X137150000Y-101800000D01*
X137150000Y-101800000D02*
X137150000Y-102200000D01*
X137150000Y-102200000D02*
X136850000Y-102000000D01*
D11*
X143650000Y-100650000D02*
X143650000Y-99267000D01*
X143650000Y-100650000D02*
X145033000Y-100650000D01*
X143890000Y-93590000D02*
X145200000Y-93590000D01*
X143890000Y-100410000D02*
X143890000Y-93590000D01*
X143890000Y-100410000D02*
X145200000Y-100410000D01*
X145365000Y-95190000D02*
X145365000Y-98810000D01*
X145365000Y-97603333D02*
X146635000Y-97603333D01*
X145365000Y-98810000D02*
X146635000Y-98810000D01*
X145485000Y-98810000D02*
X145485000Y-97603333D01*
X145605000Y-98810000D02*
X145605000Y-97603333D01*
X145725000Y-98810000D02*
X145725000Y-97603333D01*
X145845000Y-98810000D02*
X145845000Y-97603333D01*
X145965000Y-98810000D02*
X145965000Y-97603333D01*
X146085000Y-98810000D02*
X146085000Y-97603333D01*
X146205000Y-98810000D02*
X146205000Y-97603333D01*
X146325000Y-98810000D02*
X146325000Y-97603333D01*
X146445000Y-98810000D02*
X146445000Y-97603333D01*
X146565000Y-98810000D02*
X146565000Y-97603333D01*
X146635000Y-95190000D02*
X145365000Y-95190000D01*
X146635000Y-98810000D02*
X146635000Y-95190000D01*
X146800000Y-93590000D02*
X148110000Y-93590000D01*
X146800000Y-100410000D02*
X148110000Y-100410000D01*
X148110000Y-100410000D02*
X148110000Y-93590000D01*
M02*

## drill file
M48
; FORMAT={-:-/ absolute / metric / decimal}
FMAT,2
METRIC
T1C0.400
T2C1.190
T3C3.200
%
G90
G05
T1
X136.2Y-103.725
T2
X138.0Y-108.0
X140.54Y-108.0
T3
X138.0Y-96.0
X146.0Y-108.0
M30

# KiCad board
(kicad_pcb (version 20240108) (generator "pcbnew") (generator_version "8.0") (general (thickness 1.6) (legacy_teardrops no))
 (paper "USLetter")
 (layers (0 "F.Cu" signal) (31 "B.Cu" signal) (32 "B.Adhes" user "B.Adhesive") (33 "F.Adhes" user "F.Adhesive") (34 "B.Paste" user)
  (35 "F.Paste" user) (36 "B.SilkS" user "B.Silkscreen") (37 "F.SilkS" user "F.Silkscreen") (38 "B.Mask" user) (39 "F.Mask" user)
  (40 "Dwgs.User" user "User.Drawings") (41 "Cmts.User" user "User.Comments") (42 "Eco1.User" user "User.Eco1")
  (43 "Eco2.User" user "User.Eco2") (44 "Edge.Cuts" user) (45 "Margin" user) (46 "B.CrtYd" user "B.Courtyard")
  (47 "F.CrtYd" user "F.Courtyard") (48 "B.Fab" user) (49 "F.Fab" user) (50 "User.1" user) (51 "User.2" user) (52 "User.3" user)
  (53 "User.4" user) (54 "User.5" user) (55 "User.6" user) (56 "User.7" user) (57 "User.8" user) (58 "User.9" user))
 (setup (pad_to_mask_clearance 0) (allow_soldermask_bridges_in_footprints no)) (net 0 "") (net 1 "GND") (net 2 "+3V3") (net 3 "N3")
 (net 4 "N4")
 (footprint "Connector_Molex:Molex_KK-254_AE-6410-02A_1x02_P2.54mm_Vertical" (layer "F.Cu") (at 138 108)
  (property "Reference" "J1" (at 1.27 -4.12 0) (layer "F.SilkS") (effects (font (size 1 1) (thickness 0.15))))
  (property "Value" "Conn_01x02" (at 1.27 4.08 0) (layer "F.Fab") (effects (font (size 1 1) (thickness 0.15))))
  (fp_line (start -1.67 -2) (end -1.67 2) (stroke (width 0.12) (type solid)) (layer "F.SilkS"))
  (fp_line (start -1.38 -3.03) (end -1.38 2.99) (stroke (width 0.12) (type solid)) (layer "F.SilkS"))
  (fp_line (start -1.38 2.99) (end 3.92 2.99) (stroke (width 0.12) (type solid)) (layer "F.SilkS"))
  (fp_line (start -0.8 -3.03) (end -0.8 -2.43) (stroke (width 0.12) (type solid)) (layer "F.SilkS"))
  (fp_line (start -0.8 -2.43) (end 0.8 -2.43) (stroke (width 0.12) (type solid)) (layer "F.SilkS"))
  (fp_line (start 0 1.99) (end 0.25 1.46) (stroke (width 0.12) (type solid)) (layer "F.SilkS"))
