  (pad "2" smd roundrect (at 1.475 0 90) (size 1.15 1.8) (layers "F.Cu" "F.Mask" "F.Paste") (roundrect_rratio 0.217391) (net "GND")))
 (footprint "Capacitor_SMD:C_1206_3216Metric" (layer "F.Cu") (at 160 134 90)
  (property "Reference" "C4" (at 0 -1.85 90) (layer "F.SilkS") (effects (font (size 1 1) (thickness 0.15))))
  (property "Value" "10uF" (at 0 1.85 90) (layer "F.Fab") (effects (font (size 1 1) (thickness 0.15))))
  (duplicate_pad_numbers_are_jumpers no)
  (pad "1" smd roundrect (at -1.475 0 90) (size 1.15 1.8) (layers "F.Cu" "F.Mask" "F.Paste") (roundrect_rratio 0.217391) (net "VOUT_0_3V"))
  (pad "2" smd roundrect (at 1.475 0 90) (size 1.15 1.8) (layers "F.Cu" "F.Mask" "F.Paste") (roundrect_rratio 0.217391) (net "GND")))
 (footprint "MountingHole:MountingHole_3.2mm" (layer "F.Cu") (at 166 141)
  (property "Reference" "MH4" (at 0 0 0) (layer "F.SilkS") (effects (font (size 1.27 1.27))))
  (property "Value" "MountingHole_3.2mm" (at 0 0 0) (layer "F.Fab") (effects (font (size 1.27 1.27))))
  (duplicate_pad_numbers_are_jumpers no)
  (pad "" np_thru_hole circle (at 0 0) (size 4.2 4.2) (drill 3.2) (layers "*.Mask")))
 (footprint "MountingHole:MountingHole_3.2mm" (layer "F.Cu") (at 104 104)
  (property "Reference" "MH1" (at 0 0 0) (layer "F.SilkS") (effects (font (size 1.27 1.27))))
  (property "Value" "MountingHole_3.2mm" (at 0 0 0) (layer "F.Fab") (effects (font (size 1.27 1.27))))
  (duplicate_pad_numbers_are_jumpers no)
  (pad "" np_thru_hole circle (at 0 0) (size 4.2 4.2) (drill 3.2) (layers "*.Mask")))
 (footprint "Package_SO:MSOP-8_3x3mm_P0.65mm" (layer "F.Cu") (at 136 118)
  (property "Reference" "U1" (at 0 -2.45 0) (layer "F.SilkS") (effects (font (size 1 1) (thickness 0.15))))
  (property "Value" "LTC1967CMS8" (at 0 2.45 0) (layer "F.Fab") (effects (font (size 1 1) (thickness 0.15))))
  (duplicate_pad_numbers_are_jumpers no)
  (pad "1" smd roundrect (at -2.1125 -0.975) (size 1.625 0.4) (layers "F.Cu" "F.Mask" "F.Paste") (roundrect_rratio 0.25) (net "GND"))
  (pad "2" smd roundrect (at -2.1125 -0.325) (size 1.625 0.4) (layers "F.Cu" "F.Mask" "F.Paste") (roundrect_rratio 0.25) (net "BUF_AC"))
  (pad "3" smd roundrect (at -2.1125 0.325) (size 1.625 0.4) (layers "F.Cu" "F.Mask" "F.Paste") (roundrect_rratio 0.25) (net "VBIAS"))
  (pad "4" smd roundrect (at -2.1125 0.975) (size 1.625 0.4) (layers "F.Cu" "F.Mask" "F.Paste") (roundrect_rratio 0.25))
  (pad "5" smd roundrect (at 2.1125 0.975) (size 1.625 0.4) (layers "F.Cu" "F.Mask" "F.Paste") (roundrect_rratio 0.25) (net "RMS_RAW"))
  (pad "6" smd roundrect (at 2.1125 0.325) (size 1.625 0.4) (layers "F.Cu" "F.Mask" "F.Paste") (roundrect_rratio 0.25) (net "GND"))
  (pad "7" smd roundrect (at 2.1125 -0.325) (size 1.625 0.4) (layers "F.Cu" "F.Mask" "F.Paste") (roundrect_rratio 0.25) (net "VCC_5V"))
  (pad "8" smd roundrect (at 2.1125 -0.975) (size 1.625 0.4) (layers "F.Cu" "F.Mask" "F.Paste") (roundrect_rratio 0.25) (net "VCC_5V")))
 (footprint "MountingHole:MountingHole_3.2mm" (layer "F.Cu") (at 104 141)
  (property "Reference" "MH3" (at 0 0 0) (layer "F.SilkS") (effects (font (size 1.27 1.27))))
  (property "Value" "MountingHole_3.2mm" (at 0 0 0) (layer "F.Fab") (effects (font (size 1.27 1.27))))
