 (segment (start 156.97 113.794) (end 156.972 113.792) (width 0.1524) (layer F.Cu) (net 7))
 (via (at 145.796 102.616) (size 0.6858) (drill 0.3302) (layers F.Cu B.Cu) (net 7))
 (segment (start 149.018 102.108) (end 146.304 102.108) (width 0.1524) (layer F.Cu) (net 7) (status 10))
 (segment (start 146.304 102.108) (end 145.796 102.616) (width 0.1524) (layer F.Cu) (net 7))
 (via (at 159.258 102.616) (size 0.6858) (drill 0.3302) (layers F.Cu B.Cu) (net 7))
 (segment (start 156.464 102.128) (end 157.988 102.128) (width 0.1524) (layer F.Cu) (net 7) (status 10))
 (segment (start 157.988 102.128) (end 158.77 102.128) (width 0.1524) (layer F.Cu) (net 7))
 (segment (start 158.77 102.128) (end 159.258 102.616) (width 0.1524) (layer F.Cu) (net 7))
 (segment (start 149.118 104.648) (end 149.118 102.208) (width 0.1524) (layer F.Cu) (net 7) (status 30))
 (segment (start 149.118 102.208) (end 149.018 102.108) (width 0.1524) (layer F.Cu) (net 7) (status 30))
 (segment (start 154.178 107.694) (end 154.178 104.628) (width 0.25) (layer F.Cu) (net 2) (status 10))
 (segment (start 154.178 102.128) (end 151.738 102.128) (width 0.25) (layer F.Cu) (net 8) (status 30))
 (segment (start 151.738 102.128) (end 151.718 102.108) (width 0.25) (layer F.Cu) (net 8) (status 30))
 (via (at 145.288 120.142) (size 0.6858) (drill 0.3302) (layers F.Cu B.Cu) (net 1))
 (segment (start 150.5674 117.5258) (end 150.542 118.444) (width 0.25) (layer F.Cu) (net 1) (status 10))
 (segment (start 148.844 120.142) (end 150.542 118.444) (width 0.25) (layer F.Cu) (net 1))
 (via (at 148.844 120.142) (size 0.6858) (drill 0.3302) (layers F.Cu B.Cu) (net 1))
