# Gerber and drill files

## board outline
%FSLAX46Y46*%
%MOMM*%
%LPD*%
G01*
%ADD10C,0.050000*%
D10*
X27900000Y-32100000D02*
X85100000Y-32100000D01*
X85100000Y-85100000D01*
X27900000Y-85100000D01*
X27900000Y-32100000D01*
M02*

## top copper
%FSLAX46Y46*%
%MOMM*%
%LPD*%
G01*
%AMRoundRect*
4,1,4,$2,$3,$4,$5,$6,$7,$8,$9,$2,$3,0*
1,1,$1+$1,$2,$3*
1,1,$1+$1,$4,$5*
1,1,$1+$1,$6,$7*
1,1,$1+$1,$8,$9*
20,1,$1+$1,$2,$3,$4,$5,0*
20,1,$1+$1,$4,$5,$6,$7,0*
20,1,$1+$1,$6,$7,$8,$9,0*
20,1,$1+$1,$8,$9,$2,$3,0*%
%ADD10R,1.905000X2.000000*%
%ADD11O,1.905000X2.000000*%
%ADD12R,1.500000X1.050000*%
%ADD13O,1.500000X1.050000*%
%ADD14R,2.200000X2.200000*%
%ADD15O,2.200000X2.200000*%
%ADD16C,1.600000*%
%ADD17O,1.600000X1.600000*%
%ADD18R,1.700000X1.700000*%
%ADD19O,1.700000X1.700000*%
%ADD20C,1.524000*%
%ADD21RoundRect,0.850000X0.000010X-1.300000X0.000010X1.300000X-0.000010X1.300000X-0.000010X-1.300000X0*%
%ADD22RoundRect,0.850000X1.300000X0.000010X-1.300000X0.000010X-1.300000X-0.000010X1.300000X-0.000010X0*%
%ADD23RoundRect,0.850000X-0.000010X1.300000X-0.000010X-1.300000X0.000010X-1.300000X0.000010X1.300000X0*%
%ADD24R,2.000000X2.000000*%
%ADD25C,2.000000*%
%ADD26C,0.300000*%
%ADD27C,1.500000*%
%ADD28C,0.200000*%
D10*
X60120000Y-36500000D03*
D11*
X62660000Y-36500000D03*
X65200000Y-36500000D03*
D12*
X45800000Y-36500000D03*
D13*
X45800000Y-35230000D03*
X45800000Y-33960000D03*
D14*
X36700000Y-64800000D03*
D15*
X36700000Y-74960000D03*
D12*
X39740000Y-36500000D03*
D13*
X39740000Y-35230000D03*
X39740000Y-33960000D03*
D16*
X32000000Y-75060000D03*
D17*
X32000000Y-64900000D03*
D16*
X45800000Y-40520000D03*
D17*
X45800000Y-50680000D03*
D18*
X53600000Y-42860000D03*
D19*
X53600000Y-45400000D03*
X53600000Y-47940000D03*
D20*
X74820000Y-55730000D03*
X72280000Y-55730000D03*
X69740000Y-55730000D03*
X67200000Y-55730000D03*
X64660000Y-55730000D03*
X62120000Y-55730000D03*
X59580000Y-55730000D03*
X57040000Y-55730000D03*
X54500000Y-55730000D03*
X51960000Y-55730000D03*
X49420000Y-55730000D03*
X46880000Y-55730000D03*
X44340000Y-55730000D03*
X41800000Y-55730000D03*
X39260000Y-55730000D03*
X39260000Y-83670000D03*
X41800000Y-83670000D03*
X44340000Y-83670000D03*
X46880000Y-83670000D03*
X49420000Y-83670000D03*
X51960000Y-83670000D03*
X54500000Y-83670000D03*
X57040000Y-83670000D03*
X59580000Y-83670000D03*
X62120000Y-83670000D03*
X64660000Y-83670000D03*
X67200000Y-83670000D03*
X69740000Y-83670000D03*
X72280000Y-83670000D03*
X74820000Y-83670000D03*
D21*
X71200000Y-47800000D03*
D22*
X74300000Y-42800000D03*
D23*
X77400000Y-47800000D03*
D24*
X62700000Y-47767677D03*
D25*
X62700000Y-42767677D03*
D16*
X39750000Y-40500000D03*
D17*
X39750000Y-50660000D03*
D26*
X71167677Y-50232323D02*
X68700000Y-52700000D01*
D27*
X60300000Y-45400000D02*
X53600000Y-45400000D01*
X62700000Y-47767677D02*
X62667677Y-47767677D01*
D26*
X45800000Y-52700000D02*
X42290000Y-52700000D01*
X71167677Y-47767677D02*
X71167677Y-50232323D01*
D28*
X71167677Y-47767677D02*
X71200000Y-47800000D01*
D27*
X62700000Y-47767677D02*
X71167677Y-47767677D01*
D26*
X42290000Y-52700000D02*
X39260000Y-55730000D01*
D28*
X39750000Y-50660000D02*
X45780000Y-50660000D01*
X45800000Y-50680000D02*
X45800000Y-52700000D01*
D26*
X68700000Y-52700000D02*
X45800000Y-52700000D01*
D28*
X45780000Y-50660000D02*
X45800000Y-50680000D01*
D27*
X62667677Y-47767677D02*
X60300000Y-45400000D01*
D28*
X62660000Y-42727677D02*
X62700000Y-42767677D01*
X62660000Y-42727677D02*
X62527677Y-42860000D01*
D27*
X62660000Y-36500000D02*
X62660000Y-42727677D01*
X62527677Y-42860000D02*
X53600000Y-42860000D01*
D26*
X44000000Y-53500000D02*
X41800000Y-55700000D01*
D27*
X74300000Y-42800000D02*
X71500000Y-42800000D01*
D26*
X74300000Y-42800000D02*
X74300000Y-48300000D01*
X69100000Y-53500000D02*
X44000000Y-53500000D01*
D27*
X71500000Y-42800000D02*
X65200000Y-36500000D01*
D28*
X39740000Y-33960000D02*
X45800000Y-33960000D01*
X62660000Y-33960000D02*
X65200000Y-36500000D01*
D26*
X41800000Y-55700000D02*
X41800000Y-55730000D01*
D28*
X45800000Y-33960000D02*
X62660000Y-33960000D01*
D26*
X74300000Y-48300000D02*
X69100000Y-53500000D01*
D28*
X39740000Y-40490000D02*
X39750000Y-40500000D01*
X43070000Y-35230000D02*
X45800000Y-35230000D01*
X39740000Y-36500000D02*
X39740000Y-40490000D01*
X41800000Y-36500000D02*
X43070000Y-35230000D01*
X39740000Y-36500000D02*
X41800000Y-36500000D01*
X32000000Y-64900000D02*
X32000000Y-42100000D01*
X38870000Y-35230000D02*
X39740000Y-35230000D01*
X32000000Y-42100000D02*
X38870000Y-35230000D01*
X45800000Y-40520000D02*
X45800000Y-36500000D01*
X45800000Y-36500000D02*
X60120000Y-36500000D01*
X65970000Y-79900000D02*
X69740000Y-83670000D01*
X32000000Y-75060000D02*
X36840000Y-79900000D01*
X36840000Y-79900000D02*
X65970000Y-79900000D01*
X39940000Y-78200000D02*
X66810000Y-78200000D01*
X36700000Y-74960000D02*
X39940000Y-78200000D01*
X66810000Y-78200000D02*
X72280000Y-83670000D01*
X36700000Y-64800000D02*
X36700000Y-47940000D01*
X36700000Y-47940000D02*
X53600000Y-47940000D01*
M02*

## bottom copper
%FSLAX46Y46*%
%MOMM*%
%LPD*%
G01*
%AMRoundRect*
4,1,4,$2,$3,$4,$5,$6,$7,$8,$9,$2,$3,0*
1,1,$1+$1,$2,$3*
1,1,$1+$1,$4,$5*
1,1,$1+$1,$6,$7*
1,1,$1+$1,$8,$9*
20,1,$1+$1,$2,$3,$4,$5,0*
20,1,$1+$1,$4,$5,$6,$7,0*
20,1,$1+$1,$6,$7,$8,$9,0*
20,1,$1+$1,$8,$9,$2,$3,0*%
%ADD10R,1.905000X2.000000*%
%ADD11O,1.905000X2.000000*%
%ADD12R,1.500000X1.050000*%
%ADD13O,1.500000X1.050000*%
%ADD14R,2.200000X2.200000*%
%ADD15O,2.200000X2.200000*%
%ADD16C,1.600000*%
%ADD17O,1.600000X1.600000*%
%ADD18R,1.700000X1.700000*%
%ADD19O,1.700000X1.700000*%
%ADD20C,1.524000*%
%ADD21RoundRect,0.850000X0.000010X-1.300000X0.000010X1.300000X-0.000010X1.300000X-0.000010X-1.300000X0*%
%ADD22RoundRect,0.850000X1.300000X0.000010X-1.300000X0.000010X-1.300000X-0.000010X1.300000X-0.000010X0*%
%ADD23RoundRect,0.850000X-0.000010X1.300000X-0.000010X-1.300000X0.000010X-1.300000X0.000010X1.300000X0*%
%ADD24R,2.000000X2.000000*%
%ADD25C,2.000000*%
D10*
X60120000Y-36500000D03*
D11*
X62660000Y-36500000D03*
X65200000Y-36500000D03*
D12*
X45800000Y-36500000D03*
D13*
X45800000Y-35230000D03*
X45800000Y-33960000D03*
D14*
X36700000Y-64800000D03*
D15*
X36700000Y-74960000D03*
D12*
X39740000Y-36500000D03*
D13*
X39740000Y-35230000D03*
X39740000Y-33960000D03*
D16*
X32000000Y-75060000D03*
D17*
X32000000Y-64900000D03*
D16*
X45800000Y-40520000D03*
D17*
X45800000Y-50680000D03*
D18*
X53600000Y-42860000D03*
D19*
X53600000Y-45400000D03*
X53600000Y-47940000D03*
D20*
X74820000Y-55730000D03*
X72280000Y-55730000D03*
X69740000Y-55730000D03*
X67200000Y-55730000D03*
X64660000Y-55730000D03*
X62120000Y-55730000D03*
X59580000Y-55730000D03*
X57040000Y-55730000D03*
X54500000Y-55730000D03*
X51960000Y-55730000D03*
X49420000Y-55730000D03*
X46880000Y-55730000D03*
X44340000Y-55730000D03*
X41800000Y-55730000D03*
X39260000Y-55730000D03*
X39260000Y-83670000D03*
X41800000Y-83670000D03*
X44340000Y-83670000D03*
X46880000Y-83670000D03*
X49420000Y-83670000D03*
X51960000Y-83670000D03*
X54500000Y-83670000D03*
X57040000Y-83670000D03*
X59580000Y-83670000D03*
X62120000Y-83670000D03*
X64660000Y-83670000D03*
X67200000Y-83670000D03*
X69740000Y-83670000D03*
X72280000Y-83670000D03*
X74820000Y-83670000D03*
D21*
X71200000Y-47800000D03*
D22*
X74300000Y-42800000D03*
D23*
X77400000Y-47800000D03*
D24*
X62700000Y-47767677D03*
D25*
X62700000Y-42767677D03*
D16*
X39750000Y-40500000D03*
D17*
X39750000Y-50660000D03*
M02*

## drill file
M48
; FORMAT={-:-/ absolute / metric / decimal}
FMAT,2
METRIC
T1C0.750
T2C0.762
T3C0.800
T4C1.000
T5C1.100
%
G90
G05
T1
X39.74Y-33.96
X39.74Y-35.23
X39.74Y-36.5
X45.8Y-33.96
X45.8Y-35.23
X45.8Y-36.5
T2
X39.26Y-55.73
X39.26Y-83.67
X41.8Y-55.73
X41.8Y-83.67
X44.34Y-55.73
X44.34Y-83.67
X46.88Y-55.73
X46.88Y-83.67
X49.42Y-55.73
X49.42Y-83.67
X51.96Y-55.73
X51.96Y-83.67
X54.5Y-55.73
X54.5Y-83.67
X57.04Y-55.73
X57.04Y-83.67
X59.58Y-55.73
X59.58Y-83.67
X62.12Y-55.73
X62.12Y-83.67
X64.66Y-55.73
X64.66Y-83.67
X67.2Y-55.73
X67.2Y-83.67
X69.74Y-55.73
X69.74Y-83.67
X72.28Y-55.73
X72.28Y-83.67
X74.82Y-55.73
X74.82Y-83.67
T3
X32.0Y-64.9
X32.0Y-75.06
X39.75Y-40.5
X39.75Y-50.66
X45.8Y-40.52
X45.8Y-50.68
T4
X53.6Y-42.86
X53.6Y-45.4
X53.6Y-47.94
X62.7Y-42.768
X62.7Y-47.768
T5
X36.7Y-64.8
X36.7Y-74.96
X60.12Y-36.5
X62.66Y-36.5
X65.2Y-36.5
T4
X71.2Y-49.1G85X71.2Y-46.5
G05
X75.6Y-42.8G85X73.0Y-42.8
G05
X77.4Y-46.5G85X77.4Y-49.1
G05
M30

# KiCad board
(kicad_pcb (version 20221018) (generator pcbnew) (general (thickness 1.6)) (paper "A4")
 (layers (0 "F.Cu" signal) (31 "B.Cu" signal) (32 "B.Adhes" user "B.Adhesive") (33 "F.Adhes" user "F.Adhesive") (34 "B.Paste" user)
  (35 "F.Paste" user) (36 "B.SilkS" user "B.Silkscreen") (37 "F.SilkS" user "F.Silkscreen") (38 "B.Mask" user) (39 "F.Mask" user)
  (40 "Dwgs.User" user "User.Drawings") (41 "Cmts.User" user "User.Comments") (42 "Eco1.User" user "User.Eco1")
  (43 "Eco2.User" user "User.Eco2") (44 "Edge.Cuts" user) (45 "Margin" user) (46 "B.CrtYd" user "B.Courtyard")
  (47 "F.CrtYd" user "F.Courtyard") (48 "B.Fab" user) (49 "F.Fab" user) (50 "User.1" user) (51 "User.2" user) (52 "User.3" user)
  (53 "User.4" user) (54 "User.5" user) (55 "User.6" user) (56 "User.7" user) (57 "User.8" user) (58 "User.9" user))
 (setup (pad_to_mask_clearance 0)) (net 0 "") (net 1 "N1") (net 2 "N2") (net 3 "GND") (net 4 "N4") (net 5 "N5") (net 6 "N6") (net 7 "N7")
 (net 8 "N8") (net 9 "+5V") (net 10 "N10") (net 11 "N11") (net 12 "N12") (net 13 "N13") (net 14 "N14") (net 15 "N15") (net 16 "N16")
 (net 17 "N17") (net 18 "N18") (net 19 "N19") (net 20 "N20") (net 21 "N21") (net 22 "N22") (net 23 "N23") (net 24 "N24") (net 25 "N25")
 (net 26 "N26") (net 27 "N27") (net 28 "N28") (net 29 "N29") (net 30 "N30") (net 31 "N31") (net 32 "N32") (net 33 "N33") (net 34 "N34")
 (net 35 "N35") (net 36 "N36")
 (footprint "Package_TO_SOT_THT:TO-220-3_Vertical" (layer "F.Cu") (at 60.12 36.5)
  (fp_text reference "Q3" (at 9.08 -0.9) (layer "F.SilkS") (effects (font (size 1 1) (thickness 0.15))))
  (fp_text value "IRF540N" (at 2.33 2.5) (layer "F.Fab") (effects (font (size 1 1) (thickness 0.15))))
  (pad "1" thru_hole rect (at 0 0) (size 1.905 2) (drill 1.1) (layers "*.Cu" "*.Mask") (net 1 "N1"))
  (pad "2" thru_hole oval (at 2.54 0) (size 1.905 2) (drill 1.1) (layers "*.Cu" "*.Mask") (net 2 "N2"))
  (pad "3" thru_hole oval (at 5.08 0) (size 1.905 2) (drill 1.1) (layers "*.Cu" "*.Mask") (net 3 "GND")))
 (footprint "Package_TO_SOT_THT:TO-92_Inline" (layer "F.Cu") (at 45.8 36.5 90)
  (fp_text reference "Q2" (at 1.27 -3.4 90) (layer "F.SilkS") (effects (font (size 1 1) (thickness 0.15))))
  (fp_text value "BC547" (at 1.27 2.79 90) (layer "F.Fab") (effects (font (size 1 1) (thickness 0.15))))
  (pad "1" thru_hole rect (at 0 0 90) (size 1.05 1.5) (drill 0.75) (layers "*.Cu" "*.Mask") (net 1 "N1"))
  (pad "2" thru_hole oval (at 1.27 0 90) (size 1.05 1.5) (drill 0.75) (layers "*.Cu" "*.Mask") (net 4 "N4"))
  (pad "3" thru_hole oval (at 2.54 0 90) (size 1.05 1.5) (drill 0.75) (layers "*.Cu" "*.Mask") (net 3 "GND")))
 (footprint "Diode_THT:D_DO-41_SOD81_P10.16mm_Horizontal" (layer "F.Cu") (at 36.7 64.8 -90)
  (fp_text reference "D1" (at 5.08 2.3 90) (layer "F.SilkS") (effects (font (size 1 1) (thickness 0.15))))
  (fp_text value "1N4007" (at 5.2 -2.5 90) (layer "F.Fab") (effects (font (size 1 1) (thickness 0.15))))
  (pad "1" thru_hole rect (at 0 0 270) (size 2.2 2.2) (drill 1.1) (layers "*.Cu" "*.Mask") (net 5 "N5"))
  (pad "2" thru_hole oval (at 10.16 0 270) (size 2.2 2.2) (drill 1.1) (layers "*.Cu" "*.Mask") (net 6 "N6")))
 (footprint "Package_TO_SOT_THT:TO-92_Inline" (layer "F.Cu") (at 39.74 36.5 90)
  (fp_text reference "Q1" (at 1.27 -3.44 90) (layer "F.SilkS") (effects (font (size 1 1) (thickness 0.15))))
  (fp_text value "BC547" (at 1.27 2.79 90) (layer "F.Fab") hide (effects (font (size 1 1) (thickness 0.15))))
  (pad "1" thru_hole rect (at 0 0 90) (size 1.05 1.5) (drill 0.75) (layers "*.Cu" "*.Mask") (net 4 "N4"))
  (pad "2" thru_hole oval (at 1.27 0 90) (size 1.05 1.5) (drill 0.75) (layers "*.Cu" "*.Mask") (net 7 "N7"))
  (pad "3" thru_hole oval (at 2.54 0 90) (size 1.05 1.5) (drill 0.75) (layers "*.Cu" "*.Mask") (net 3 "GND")))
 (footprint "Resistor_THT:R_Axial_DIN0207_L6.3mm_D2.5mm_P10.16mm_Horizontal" (layer "F.Cu") (at 32 75.06 90)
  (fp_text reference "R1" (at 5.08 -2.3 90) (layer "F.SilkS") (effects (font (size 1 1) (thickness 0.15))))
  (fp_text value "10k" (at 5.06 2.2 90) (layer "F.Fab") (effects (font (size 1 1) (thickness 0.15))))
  (pad "1" thru_hole circle (at 0 0 90) (size 1.6 1.6) (drill 0.8) (layers "*.Cu" "*.Mask") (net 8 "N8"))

----

Copy the lines above exactly, from the very first through the one containing "X145845000Y-97603333D01*", and include no other line.

▶ _FINAL ANSWER_:
X137150000Y-101800000D01*
X137150000Y-101800000D02*
X137150000Y-102200000D01*
X137150000Y-102200000D02*
X136850000Y-102000000D01*
D11*
X143650000Y-100650000D02*
X143650000Y-99267000D01*
X143650000Y-100650000D02*
X145033000Y-100650000D01*
X143890000Y-93590000D02*
X145200000Y-93590000D01*
X143890000Y-100410000D02*
X143890000Y-93590000D01*
X143890000Y-100410000D02*
X145200000Y-100410000D01*
X145365000Y-95190000D02*
X145365000Y-98810000D01*
X145365000Y-97603333D02*
X146635000Y-97603333D01*
X145365000Y-98810000D02*
X146635000Y-98810000D01*
X145485000Y-98810000D02*
X145485000Y-97603333D01*
X145605000Y-98810000D02*
X145605000Y-97603333D01*
X145725000Y-98810000D02*
X145725000Y-97603333D01*
X145845000Y-98810000D02*
X145845000Y-97603333D01*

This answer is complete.